Acetylphosphonate as a Surrogate of Acetate or Acetamide in Organocatalyzed Enantioselective Aldol Reactions

Jie Guang 1, Qunsheng Guo 1, John Cong-Gui Zhao 1,
PMCID: PMC3426636  NIHMSID: NIHMS382304  PMID: 22650245

Abstract

graphic file with name nihms382304f5.jpg

Highly enantioselective aldol reactions of acetylphosphonates and activated carbonyl compounds was realized with cinchona alkaloid derived catalysts, in which the acetylphosphonate was directly used as an enolate precursor for the first time. The aldol product obtained was converted in situ to its corresponding ester or amide through methanolysis or aminolysis. The overall process may be viewed as formal highly enantioselective acetate or acetamide aldol reactions, which are very difficult to achieve directly with organocatalytic methods.

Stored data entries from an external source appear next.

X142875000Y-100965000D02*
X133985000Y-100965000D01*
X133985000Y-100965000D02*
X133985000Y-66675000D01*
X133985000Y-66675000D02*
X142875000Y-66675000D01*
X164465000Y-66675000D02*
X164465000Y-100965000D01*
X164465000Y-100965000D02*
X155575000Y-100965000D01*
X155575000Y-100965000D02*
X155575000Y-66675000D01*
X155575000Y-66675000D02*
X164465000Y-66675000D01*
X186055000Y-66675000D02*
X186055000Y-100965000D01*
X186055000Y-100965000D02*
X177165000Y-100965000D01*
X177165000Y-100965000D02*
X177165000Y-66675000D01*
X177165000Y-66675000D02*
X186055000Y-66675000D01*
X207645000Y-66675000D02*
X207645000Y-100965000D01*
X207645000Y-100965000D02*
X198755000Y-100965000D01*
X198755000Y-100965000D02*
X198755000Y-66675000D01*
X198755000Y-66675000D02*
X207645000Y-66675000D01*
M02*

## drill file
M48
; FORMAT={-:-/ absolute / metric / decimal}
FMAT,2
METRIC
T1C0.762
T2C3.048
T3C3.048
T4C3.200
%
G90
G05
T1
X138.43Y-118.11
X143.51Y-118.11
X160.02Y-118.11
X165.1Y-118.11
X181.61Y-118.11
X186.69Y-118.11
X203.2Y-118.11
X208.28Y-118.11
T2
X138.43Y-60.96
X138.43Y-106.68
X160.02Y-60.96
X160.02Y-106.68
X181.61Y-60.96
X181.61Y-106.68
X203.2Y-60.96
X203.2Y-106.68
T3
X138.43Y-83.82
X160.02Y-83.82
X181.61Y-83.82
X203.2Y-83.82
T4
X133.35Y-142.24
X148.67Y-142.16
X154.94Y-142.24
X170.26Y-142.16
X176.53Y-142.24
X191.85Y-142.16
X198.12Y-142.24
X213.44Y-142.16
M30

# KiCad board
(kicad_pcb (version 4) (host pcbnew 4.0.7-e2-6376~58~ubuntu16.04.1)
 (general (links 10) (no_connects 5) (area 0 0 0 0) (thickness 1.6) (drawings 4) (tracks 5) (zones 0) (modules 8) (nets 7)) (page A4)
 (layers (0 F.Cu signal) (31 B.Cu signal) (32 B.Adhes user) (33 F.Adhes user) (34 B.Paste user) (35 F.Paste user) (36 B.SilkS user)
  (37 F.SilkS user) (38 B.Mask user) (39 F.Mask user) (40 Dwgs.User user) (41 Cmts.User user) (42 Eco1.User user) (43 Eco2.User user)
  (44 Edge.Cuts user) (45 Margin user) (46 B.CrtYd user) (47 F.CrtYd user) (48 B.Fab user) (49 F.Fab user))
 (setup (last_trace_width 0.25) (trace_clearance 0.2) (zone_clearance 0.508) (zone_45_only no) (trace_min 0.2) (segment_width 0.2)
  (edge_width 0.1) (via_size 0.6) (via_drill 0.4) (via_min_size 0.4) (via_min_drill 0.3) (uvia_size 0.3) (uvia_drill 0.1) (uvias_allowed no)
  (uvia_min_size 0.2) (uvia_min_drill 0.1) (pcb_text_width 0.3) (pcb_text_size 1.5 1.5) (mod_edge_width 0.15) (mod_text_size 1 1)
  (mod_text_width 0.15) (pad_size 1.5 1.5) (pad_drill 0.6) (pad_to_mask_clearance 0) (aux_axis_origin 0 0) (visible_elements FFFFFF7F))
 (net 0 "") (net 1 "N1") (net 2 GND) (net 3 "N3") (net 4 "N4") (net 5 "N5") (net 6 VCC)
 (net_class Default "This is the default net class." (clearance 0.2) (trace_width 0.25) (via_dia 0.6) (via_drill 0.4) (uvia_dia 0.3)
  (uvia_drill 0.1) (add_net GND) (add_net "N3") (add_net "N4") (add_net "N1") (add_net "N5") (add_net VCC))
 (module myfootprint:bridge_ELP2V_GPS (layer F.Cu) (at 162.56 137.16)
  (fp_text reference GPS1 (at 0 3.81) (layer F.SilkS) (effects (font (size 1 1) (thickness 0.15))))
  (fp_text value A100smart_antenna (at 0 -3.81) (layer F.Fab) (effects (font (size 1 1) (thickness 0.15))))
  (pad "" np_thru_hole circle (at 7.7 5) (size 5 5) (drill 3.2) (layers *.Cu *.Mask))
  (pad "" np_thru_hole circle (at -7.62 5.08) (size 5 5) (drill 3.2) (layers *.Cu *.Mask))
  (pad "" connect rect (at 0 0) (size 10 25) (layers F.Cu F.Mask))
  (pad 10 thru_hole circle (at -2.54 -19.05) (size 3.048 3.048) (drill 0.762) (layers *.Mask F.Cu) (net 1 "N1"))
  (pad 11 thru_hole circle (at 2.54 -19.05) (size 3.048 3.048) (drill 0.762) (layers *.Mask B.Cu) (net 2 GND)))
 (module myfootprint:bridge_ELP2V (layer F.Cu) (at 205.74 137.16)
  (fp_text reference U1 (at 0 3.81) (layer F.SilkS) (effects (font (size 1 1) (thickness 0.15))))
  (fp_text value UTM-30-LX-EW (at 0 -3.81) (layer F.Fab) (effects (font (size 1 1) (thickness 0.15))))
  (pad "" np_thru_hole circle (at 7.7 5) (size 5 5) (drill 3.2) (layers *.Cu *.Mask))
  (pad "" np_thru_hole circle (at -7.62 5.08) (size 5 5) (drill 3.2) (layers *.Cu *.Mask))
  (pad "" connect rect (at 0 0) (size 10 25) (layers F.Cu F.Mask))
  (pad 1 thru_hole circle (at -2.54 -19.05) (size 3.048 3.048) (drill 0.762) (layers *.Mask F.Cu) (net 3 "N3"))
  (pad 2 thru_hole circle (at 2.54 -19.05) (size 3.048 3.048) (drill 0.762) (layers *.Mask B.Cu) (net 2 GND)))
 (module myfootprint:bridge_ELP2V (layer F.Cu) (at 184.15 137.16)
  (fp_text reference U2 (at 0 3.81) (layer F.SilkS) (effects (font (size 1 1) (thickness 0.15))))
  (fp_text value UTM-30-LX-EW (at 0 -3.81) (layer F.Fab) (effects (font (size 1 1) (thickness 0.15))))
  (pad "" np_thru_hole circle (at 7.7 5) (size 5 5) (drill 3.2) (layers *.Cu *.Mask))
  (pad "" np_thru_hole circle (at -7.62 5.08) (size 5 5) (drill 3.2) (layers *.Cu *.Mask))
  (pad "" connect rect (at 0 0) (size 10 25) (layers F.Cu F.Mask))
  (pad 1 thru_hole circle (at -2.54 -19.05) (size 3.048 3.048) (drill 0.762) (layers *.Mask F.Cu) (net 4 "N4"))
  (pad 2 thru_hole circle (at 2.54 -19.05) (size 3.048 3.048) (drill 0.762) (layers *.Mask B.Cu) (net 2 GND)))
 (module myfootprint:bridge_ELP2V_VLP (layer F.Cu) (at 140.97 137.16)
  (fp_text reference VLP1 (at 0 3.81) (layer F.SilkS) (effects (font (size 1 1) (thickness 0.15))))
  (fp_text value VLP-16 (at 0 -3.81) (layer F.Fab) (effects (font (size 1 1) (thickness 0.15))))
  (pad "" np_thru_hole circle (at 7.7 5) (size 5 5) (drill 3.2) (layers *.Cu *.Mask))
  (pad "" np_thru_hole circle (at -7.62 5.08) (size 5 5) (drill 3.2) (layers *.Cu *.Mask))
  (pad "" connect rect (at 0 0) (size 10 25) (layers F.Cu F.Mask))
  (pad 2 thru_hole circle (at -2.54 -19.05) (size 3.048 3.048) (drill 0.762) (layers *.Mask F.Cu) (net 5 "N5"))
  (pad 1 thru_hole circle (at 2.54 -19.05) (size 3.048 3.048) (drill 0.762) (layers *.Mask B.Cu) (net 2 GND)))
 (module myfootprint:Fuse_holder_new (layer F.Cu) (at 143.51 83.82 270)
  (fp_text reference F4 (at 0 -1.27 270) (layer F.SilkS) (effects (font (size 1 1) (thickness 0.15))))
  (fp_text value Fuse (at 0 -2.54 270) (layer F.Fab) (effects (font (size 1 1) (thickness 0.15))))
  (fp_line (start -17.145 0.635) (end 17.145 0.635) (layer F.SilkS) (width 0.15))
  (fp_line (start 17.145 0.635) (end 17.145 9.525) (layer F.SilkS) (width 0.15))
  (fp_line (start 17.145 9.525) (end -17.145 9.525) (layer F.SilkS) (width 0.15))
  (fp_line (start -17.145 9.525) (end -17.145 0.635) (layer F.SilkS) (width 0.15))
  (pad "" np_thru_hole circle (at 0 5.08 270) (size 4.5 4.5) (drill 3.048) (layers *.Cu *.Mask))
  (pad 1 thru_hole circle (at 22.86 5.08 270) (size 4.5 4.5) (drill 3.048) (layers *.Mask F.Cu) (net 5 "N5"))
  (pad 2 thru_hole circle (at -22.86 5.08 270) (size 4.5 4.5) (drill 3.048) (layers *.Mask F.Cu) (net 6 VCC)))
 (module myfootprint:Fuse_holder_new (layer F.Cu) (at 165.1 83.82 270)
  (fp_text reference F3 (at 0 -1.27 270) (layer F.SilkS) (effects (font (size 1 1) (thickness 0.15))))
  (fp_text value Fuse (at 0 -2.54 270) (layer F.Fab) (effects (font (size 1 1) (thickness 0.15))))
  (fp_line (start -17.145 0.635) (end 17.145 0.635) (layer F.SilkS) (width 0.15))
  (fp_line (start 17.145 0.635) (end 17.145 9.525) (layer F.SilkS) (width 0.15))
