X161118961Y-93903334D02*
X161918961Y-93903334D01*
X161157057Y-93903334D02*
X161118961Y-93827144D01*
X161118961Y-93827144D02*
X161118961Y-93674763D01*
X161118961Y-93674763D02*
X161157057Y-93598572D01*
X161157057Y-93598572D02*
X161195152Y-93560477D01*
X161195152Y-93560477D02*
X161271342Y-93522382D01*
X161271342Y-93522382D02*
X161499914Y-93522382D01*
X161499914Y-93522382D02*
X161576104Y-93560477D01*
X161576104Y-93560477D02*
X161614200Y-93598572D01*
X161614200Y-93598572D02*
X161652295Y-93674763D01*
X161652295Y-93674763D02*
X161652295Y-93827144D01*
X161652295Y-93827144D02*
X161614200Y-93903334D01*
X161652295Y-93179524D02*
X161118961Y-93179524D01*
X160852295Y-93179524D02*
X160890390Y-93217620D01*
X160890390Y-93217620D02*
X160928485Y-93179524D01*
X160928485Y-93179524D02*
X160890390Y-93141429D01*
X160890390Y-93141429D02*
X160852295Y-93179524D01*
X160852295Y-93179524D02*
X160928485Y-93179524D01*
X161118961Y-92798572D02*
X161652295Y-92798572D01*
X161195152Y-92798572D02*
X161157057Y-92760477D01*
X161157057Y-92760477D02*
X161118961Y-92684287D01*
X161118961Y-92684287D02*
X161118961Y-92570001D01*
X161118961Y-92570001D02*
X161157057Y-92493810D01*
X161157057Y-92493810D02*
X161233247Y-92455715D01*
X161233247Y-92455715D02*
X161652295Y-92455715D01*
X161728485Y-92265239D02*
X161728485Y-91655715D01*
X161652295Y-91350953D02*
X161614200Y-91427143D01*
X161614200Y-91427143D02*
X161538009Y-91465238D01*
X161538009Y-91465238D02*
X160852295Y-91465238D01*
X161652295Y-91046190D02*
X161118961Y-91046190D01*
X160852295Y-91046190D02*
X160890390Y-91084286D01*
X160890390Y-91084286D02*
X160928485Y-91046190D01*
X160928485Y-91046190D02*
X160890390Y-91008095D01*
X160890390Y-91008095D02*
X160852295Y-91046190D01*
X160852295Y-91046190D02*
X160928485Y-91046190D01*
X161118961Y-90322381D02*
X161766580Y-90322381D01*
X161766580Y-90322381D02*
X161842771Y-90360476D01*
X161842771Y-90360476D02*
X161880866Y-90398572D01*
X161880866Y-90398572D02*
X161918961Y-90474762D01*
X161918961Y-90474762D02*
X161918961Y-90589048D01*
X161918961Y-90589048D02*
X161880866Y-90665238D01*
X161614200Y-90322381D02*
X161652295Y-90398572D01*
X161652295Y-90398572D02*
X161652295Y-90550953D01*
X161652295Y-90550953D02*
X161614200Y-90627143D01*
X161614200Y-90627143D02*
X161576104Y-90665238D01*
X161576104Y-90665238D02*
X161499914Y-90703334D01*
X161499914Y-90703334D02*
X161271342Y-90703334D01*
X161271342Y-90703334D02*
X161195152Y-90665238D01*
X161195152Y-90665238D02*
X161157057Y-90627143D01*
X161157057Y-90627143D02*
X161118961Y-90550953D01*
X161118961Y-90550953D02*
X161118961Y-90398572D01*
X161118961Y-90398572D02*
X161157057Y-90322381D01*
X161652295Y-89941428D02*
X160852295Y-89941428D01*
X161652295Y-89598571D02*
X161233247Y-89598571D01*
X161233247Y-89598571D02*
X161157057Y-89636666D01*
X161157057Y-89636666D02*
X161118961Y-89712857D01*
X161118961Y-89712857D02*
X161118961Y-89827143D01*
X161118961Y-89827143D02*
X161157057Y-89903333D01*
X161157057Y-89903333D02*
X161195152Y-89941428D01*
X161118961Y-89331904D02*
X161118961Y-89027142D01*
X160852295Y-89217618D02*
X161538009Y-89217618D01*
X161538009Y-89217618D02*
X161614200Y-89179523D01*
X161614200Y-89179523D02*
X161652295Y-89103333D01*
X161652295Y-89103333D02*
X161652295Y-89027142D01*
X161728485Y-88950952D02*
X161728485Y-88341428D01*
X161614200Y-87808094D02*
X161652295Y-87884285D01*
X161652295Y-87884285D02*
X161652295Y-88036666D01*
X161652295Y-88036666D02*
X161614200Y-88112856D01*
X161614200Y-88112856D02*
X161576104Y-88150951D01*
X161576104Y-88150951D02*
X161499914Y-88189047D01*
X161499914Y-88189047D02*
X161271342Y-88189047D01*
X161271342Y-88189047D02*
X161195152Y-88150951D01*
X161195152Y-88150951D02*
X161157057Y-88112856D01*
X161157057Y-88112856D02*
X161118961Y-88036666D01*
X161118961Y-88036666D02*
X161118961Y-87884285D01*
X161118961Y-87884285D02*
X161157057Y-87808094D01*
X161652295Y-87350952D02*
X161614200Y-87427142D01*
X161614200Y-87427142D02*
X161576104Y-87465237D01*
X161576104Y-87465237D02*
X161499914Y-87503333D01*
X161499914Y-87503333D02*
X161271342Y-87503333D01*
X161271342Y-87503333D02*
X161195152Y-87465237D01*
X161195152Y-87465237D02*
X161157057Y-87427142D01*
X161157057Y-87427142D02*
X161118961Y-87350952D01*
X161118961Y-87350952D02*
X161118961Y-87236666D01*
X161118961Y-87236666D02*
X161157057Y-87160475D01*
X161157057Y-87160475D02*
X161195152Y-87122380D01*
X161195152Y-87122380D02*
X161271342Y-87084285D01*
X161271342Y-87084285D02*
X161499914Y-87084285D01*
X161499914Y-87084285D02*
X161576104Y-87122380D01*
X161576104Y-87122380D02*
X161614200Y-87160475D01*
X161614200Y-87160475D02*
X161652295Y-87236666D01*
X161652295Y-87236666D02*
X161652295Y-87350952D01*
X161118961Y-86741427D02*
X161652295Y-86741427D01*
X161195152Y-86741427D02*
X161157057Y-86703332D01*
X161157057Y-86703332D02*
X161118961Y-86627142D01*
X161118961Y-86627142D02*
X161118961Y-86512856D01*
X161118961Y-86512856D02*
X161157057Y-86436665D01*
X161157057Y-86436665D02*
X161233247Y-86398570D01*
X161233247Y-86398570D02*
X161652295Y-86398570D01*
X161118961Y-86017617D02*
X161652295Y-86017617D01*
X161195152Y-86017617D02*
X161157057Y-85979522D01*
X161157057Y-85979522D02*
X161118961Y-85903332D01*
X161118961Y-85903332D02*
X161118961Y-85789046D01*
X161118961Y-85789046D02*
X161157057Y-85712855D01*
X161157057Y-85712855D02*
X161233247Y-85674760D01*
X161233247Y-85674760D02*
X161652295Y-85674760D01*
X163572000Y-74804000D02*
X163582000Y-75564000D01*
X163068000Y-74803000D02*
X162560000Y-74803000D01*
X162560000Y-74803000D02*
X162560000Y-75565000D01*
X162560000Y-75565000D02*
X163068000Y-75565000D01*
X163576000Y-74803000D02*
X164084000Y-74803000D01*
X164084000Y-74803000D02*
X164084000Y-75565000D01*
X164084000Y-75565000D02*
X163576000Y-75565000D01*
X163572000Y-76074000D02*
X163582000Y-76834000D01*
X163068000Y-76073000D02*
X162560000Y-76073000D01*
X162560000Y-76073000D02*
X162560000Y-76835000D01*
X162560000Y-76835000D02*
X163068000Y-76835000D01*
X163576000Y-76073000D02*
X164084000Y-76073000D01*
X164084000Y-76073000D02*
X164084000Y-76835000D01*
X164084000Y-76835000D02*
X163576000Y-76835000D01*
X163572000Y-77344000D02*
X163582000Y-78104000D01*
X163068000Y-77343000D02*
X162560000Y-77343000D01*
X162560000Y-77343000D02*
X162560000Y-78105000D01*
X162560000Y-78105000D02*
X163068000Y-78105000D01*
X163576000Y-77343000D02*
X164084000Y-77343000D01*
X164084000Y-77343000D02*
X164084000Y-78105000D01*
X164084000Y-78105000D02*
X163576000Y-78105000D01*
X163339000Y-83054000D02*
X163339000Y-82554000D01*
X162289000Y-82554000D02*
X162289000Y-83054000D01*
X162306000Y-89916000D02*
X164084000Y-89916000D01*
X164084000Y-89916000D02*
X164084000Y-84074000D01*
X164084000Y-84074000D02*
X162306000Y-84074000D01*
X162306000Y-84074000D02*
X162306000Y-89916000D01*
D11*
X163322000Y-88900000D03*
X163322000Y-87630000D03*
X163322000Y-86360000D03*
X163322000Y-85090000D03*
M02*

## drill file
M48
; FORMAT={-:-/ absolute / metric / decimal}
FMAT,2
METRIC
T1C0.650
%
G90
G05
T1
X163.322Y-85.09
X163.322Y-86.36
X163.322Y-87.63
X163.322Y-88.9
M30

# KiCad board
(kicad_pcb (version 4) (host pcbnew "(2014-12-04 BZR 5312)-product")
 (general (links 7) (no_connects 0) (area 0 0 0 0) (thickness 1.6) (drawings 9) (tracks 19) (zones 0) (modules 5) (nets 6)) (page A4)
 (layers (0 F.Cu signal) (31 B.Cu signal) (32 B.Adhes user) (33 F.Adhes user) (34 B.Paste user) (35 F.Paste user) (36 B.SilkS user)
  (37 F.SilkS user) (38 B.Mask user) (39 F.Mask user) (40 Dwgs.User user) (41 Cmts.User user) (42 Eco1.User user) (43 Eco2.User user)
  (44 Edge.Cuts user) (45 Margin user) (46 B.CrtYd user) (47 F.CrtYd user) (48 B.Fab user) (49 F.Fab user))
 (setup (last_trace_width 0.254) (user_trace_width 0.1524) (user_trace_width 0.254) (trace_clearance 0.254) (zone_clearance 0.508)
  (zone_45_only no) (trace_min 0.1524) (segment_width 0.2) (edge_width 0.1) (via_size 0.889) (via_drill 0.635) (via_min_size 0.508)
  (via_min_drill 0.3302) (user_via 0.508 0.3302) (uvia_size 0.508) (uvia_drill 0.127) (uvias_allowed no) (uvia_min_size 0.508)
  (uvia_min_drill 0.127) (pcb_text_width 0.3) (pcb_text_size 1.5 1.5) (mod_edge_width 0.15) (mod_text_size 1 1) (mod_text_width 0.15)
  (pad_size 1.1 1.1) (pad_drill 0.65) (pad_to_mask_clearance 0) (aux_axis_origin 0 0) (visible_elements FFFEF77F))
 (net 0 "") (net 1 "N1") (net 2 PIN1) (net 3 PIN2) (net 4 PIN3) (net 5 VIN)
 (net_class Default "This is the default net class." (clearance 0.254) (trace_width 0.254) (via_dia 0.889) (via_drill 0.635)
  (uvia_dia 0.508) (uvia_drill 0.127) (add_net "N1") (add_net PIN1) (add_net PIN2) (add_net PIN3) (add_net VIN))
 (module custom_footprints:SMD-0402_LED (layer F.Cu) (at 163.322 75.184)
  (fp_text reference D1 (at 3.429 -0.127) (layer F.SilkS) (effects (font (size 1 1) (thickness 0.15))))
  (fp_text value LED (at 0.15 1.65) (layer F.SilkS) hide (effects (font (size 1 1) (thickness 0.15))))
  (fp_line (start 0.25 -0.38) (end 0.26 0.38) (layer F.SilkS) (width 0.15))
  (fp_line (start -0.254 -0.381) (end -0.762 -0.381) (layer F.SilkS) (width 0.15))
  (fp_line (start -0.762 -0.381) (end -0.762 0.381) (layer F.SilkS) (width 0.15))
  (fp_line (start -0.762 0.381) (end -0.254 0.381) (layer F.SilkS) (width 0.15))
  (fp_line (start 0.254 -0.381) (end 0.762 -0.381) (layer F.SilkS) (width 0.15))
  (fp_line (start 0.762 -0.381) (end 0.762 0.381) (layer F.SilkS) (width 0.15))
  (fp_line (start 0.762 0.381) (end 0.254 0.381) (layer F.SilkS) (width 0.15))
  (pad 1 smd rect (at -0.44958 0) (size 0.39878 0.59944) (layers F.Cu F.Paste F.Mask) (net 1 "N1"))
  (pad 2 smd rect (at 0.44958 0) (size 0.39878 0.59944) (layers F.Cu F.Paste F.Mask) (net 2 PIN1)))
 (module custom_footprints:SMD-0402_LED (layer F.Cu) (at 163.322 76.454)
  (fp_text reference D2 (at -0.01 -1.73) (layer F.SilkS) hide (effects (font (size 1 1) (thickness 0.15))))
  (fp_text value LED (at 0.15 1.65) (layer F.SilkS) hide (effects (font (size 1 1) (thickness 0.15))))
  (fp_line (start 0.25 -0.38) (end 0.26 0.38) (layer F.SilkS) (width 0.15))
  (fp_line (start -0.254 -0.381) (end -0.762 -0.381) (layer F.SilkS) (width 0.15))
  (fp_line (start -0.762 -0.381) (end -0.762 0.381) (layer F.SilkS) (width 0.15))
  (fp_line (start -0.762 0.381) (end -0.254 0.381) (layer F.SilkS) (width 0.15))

The aldol reaction1 is arguably one of the most important reactions in organic synthesis due to the fact that this reaction forms a β-hydroxycarbonyl moiety that may be found in many natural products.1b,2 Because a new carbon-carbon bond is formed with the concurrent creation of a stereogenic center in the aldol product, many asymmetric variants of this reaction have been developed in the past few decades.1,2 In recent years, significant advances have also been made on the organocatalytic direct aldol reactions.3 Despite these great progresses, the direct enantioselective acetate aldol reaction1b,4 still remains a very challenging task. Most of the reported asymmetric acetate aldol reactions have been achieved through diastereoselective reactions controlled by chiral auxiliaries or ligands involving the use of metal acetate enolates, such as those of tin,5 lithium,6 boron,7 or titanium.8 These are not catalytic methods and the reagents used in these reactions are often expensive and/or difficult to handle. Moreover, many of these methods also suffer from narrow substrate scopes and low stereoselectivities. Catalytic highly enantioselective acetate aldol reactions have been reported by Carreira,9 Denmark,10 Shibasaki,11 and List12 using Mukaiyama aldol reactions; however, preformed silyl ketene acetals have to be used in these reactions. On the other hand, to form an enolate or enamine from acetate directly with organocatalysts is very difficult. To our knowledge, there has been no report on an organocatalyzed direct acetate aldol reaction.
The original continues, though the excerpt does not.